Exercise details
After locating the line that contains "X156625000Y-100375000D02*" in the data below, set down exactly that line and each one after it through the line that contains "X159675000Y-101500000D02*", and nothing more.

Saved data entries

========================

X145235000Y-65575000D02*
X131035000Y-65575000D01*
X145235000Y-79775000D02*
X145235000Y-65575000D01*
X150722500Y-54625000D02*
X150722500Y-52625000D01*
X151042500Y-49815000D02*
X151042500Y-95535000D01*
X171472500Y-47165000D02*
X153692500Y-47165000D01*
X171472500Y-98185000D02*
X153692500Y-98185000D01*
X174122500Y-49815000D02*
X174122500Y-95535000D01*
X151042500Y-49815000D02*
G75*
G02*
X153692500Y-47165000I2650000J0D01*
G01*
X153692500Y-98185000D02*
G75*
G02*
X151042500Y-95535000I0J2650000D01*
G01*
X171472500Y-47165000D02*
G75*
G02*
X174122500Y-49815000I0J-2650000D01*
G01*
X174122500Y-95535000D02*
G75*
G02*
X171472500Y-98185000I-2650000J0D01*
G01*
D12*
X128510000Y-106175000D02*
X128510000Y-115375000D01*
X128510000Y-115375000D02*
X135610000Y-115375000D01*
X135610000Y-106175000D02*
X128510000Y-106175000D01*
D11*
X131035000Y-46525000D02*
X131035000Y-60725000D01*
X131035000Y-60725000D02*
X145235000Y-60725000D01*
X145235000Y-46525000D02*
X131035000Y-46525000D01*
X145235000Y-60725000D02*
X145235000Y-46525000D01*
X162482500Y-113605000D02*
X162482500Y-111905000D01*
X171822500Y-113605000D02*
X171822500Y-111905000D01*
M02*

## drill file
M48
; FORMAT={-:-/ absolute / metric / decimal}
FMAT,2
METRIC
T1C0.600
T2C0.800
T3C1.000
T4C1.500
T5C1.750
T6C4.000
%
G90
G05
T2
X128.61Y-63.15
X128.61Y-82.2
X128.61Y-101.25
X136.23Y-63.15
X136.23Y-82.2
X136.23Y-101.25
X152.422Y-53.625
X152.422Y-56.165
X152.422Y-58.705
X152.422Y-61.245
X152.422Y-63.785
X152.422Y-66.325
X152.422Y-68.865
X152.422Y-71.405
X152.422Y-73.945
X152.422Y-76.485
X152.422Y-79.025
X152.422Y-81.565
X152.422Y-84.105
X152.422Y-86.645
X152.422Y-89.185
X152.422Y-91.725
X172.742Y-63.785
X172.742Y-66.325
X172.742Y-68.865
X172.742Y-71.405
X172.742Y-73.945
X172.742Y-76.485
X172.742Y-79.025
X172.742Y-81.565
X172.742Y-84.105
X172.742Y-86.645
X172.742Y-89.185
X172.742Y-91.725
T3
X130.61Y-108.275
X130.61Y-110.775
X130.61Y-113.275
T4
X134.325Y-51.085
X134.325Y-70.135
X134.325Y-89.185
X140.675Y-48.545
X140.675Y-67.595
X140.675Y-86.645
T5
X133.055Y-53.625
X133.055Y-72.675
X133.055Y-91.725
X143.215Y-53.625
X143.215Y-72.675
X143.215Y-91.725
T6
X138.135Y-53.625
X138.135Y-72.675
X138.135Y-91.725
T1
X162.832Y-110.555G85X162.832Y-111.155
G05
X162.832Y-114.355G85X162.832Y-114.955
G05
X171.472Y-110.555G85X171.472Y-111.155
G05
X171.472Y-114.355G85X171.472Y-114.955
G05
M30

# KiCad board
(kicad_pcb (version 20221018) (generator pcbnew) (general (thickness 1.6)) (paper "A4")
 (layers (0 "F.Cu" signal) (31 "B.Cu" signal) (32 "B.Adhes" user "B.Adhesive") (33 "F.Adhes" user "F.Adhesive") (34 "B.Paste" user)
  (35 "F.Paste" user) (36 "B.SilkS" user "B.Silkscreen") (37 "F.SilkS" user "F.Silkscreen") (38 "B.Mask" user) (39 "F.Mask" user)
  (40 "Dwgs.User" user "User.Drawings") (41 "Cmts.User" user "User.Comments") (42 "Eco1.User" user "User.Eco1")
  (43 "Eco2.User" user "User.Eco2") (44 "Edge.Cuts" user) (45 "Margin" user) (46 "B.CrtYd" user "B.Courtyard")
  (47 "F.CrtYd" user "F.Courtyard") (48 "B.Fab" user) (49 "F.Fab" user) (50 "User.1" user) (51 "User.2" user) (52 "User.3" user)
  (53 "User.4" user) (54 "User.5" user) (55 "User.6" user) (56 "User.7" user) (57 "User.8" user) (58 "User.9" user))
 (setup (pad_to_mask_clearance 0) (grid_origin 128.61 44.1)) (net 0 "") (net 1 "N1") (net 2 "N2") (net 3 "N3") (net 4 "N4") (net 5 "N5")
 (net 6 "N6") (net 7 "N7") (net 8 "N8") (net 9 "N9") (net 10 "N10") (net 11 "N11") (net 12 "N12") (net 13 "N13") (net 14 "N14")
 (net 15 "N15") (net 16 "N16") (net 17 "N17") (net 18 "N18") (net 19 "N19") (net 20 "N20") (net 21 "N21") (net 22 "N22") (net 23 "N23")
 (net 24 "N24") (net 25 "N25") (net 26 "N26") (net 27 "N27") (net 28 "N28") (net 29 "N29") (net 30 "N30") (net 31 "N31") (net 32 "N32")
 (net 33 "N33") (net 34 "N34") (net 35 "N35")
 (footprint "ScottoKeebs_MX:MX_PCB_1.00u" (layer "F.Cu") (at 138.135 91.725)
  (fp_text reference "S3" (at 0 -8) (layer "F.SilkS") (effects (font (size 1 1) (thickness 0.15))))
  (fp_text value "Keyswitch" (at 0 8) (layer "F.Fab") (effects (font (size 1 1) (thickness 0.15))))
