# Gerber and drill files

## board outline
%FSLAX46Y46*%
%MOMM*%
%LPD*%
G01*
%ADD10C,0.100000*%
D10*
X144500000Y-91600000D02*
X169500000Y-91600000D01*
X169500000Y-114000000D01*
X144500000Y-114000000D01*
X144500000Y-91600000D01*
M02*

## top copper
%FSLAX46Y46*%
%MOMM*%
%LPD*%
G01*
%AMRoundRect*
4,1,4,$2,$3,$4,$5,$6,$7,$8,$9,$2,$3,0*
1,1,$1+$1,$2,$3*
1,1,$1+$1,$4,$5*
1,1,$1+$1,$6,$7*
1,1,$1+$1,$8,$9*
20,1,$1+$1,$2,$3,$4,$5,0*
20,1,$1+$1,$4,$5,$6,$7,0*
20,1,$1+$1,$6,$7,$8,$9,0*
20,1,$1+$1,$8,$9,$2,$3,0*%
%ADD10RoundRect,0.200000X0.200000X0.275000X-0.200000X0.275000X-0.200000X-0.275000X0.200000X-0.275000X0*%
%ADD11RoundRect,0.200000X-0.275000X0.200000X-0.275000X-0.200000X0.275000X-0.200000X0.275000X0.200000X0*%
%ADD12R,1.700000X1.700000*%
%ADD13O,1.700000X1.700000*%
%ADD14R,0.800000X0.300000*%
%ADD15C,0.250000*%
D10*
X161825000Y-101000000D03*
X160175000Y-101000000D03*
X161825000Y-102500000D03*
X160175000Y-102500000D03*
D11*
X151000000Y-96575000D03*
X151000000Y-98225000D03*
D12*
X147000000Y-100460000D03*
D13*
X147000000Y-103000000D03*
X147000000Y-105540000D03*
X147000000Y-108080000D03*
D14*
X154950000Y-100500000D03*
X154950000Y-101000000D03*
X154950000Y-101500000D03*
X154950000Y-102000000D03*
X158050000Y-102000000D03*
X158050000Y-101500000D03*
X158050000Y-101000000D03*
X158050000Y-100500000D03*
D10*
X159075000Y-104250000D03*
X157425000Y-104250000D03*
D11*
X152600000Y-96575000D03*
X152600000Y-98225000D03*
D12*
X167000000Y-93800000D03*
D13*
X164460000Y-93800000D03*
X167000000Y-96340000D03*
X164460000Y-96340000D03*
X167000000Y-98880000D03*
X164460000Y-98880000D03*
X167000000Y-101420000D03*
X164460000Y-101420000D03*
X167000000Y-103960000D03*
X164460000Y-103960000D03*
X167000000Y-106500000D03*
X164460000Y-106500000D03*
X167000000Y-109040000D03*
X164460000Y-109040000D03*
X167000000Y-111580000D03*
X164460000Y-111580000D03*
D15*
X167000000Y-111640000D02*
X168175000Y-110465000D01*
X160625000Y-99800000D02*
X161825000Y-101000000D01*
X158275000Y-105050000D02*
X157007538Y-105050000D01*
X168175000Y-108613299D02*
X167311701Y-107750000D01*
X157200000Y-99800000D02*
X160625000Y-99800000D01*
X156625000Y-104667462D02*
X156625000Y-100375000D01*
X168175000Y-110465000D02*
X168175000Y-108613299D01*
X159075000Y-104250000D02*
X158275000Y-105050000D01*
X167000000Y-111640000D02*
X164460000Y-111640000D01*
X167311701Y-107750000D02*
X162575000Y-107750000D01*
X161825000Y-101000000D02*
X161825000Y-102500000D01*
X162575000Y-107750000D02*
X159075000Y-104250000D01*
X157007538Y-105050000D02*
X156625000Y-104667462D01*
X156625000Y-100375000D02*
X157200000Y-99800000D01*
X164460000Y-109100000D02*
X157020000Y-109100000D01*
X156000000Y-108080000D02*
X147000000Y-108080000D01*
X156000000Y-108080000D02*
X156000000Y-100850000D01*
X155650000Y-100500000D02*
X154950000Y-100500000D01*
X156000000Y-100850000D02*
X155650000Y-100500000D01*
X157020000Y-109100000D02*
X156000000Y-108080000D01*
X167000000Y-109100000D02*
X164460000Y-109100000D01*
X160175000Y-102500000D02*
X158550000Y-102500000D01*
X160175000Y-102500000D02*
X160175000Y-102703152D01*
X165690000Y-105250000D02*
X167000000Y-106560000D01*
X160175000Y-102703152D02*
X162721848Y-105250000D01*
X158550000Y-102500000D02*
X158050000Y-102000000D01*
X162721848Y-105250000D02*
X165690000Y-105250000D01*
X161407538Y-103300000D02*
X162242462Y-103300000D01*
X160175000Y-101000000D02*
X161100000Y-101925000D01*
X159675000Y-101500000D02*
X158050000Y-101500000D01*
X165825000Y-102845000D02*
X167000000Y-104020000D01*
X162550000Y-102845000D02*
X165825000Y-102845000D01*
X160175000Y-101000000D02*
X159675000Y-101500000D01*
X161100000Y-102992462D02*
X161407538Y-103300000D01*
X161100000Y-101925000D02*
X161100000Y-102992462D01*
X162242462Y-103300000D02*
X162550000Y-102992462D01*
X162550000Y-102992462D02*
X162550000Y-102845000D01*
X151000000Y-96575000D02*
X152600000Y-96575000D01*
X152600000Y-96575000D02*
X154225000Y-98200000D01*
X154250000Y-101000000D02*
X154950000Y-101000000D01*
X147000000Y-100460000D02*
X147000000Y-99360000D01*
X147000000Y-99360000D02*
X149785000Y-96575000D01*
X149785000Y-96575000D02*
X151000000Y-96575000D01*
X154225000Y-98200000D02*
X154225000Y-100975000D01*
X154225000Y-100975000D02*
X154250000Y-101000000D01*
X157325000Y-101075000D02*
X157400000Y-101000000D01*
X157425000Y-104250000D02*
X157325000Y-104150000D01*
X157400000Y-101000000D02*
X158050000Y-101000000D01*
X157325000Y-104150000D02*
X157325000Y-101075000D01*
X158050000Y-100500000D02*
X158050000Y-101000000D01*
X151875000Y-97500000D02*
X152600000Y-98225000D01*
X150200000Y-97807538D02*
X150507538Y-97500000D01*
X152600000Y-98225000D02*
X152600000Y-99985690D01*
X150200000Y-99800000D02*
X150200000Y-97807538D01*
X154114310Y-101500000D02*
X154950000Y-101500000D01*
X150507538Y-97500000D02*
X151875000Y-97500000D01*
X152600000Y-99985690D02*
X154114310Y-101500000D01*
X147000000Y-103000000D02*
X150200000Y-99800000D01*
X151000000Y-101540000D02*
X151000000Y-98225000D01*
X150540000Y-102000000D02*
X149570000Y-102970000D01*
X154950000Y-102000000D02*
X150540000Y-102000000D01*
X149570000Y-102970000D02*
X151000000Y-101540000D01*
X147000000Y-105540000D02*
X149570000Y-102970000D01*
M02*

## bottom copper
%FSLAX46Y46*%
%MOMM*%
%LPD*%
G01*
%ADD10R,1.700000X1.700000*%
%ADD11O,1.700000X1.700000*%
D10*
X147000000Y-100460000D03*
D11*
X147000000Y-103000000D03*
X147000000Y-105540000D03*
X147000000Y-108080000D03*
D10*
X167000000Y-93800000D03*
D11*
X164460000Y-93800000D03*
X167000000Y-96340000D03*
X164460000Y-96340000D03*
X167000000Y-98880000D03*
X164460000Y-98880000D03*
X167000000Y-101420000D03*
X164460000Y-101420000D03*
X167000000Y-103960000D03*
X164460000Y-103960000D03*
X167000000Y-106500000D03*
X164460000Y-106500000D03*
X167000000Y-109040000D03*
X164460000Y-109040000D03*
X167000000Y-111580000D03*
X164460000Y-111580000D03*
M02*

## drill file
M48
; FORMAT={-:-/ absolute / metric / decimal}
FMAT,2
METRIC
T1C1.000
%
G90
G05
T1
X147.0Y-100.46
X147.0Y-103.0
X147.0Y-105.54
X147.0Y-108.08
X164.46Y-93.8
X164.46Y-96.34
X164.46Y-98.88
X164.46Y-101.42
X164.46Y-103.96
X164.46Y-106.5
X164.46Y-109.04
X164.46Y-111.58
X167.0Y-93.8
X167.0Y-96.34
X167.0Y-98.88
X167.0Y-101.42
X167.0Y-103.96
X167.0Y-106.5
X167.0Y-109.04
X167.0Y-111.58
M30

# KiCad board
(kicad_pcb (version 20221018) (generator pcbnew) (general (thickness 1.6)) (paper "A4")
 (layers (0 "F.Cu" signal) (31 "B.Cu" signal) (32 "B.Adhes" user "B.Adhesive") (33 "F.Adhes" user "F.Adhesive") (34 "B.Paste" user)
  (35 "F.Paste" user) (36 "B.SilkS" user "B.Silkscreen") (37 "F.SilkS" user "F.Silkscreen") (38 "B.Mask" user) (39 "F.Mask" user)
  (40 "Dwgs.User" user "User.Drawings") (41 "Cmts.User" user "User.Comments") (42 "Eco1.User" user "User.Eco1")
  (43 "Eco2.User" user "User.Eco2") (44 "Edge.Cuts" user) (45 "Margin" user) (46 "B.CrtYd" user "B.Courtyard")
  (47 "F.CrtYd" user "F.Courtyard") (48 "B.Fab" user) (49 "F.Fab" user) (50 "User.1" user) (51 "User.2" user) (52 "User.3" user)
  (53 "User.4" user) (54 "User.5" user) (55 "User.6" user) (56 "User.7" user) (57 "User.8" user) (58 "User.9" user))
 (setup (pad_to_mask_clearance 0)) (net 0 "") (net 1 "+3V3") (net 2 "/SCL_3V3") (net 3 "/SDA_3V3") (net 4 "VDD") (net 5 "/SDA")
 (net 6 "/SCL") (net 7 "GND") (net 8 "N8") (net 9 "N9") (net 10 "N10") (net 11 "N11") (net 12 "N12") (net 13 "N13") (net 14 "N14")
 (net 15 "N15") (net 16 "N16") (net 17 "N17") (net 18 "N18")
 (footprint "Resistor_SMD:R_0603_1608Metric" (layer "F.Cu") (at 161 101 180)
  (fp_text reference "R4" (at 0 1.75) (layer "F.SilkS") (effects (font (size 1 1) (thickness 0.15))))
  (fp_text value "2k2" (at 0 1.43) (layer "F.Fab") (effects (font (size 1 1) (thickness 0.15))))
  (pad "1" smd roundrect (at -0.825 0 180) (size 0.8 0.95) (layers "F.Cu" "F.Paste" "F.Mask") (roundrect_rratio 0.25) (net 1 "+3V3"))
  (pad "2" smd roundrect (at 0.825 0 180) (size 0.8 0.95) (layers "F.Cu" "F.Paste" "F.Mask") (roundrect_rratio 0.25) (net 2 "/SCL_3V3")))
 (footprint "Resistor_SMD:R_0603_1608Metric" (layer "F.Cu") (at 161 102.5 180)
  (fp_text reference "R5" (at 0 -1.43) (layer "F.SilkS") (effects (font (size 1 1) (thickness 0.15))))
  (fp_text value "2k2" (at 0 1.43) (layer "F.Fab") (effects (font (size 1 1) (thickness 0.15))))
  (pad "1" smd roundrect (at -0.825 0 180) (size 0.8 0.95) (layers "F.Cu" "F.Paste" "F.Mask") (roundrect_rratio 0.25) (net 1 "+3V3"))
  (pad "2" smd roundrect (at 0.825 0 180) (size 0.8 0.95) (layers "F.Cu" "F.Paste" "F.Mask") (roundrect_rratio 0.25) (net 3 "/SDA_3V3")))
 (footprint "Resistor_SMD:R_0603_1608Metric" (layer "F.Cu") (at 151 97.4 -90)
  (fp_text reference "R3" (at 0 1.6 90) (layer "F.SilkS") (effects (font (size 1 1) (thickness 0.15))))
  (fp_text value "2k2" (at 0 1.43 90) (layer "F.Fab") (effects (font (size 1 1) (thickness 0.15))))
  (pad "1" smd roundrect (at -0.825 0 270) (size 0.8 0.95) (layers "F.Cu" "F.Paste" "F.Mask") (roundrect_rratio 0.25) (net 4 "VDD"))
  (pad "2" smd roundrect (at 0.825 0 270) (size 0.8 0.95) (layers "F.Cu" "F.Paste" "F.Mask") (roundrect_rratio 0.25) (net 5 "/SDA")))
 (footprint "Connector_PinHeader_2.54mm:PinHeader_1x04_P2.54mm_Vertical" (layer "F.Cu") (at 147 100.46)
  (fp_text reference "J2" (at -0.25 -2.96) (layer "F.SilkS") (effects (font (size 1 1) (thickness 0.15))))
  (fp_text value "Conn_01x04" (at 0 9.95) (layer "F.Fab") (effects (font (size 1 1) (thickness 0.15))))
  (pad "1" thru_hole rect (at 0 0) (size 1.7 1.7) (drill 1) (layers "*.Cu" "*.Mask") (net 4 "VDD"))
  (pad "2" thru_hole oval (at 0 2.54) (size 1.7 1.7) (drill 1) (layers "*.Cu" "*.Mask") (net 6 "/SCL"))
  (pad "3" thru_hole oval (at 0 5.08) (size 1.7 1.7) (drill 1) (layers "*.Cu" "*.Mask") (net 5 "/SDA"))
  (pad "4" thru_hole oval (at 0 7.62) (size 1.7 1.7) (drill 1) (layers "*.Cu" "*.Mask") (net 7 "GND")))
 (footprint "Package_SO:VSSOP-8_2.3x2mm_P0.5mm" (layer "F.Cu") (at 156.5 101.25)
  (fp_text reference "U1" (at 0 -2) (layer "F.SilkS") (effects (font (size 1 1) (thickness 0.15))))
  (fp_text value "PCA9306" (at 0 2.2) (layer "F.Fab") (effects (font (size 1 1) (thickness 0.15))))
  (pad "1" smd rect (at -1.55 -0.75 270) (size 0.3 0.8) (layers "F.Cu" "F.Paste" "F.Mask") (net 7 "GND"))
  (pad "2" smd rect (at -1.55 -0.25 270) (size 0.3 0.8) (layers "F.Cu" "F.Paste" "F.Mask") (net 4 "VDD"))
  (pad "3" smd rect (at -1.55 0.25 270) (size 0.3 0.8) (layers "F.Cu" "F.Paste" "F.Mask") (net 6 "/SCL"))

========================

Written response
X156625000Y-100375000D02*
X157200000Y-99800000D01*
X164460000Y-109100000D02*
X157020000Y-109100000D01*
X156000000Y-108080000D02*
X147000000Y-108080000D01*
X156000000Y-108080000D02*
X156000000Y-100850000D01*
X155650000Y-100500000D02*
X154950000Y-100500000D01*
X156000000Y-100850000D02*
X155650000Y-100500000D01*
X157020000Y-109100000D02*
X156000000Y-108080000D01*
X167000000Y-109100000D02*
X164460000Y-109100000D01*
X160175000Y-102500000D02*
X158550000Y-102500000D01*
X160175000Y-102500000D02*
X160175000Y-102703152D01*
X165690000Y-105250000D02*
X167000000Y-106560000D01*
X160175000Y-102703152D02*
X162721848Y-105250000D01*
X158550000Y-102500000D02*
X158050000Y-102000000D01*
X162721848Y-105250000D02*
X165690000Y-105250000D01*
X161407538Y-103300000D02*
X162242462Y-103300000D01*
X160175000Y-101000000D02*
X161100000Y-101925000D01*
X159675000Y-101500000D02*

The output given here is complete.